Bank Holiday Backbytes
Facebook love child and nut-job nuptials
Out-Foxed by Twitter
More uses for Twitter (we think we might be up to three by now, and we haven't even touched on how it is used to spread inaccurate information about superinjunctions): letting people know what secret agents really think about TV news. That's what the person who had access to the US Secret Service official Twitter account did last week, when he thought he was logged on to his personal account and posted: "Had to monitor Fox for a story. Can't. Deal. With. The. Blathering."
Oops! Higher-ups quickly removed it, calling it "unapproved and inappropriate". Not, we note, "inaccurate".
Off-the-wall name
After the last issue, where we revealed the kosher smartphone specially designed with no internet access - in other words, a phone - we return to Israel for the heartwarming story of Lior Adler and his wife Verdit, who are so besotted with Facebook that they named their new daughter "Like".
In later years Like can tell her psychiatrist that her parents informed the Haaretz newspaper that they were looking for a name that was "modern and innovative". Presumably they couldn't find one, so settled for "embarrassing and humiliating" instead.
Still, at least she wasn't born 10 years ago, or she'd be called "POP3" or "URL".
Astoundingly, little Hashtag Adler, or whatever her name is, was luckier than her sibling. Lior and Verdit also like to cook, so they named her older sister "Pie". We did not make this up.
Play it again, Dean (or not)
We asked for requests for Dean Stockdale, the pianist who has landed a job playing the piano at the Savoy when he's not working in the IT department at Darlington College. Your replies, for which we are of course grateful, show how awful your taste in music is, but some are appropriate.
Ian Thompson recommends "cloudbusting" by Kate Bush, and decides that the Police's "De Do Do Do, De Da Da Da" sounds like a tribute to the modem.
Ian Park requests "Walking in a Windows Wonderland" and "Send in the Clouds", as well as the Elkie Brooks classic "Pearl's a Language".
Our favourite this week, from Mark Young, is the rousing Clash classic "Lock the Taskbar", which you will now be humming all day.
Keith Swinford points out that if you want to order a cocktail, it's got to be a Dataquiri. Try it, and watch the waiter crease with mirth when you explain the pun to him.
Any more song titles? We could organise a Backbytes evening out: Dean will be charmed to see us.
Tying the nut
Latest in the trend for geek marriage proposals, which mostly serve to make you realise that maybe you could have tried a little bit harder, is Jon Hodgson's Harry Potter Quiz app, which he developed for Android and gave to his girlfriend.

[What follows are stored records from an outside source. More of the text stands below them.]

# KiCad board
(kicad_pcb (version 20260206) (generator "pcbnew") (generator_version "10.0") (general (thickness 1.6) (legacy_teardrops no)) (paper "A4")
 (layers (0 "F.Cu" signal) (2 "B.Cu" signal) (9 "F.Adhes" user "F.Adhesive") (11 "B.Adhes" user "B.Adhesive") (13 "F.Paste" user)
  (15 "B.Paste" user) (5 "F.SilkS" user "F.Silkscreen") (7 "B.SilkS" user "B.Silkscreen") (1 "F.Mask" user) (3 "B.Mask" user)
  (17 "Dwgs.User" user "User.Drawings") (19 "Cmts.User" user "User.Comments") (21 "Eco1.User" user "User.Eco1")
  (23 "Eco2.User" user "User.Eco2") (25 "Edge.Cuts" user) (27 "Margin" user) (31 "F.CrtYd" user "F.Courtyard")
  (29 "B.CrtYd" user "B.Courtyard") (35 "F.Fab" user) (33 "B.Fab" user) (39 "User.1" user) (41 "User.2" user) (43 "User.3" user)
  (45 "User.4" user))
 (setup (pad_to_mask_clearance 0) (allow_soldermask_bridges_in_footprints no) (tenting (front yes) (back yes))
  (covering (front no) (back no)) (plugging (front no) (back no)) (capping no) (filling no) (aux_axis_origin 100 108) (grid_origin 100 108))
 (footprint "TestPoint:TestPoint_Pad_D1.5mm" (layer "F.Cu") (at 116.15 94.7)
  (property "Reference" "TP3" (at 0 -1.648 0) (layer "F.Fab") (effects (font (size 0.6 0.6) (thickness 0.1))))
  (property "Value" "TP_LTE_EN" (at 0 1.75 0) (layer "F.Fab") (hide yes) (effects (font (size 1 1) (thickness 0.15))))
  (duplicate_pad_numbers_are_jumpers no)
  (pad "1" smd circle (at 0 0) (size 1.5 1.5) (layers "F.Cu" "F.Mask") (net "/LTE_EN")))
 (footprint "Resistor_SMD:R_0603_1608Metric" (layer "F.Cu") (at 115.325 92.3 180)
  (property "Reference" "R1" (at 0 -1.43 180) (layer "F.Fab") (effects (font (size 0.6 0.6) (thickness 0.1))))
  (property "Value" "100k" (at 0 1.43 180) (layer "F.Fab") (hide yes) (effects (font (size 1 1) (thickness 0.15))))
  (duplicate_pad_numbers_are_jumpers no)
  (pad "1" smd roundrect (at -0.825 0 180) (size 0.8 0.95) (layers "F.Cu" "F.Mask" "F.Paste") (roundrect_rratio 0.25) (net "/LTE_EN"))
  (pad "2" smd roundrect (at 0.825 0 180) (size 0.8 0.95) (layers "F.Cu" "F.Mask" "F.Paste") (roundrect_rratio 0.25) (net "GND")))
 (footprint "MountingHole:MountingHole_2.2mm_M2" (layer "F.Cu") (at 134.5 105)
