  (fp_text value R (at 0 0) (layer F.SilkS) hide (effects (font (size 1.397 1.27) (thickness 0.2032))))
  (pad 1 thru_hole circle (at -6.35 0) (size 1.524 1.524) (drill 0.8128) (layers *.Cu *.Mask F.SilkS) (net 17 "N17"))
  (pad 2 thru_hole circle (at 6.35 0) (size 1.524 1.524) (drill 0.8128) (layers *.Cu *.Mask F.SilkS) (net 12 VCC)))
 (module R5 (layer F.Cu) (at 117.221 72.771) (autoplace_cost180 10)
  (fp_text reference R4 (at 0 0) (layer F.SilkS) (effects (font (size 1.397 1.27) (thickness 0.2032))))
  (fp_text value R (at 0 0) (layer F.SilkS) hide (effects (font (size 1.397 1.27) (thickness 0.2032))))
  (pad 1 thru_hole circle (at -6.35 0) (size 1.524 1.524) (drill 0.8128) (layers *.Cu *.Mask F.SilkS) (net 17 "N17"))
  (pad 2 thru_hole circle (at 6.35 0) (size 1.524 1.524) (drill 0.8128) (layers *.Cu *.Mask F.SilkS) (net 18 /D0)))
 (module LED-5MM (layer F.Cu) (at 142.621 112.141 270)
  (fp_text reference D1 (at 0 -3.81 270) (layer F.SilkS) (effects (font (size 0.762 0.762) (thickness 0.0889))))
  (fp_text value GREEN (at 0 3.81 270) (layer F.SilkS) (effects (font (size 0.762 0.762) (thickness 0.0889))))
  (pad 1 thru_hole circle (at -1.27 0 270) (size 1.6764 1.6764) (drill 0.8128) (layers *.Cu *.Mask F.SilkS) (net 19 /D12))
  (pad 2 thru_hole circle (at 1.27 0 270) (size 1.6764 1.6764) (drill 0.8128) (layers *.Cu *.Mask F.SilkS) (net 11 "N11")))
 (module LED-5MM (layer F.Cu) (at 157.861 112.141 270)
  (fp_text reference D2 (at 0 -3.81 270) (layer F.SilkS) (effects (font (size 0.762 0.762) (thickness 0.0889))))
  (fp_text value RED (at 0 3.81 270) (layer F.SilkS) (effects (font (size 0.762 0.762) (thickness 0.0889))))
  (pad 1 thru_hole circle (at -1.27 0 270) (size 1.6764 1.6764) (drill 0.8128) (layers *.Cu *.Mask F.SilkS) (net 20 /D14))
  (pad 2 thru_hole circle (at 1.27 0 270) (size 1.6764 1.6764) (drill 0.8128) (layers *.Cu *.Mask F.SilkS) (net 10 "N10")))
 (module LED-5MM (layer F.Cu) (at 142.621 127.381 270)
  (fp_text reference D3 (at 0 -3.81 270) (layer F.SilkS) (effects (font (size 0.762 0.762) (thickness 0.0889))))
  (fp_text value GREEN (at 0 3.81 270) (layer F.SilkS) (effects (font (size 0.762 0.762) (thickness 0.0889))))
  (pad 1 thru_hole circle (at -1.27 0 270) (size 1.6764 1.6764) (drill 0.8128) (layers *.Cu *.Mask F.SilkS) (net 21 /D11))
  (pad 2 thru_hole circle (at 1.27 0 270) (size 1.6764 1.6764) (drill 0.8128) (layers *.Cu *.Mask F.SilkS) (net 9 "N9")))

The first four questions were basic Potter trivia. The fifth was "Meghan will you marry me?" and the option to tap "yes" or "no". When she tapped "yes" (inexplicably, as far as we're concerned), the app texted Jon so that he could produce the ring. This meant that Meghan had a proposal that she will always remember even if the marriage becomes dull and tedious, and an anecdote that has been immortalised on geek.com.
Warning: this is an advantage only for a special type of girlfriend.
Stand by for déjà vu
Jeffrey Rouder from the University of Missouri and Richard Morey from the University of Groningen have done a statistical analysis of recent experiments that suggested ESP exists. Their analysis suggests that you should update your beliefs to conclude that ESP, when used to sense future events, is 40 times as likely as you thought it was just now.
For people who think it is vanishingly unlikely (us, and the authors), this makes no difference at all to our expectation. But, if you believe you can sense future events, it is significant news. In that case, though, you probably already sensed this analysis would take place and so you already updated your belief. Therefore no one has to do anything. Forget you read (or will read) this.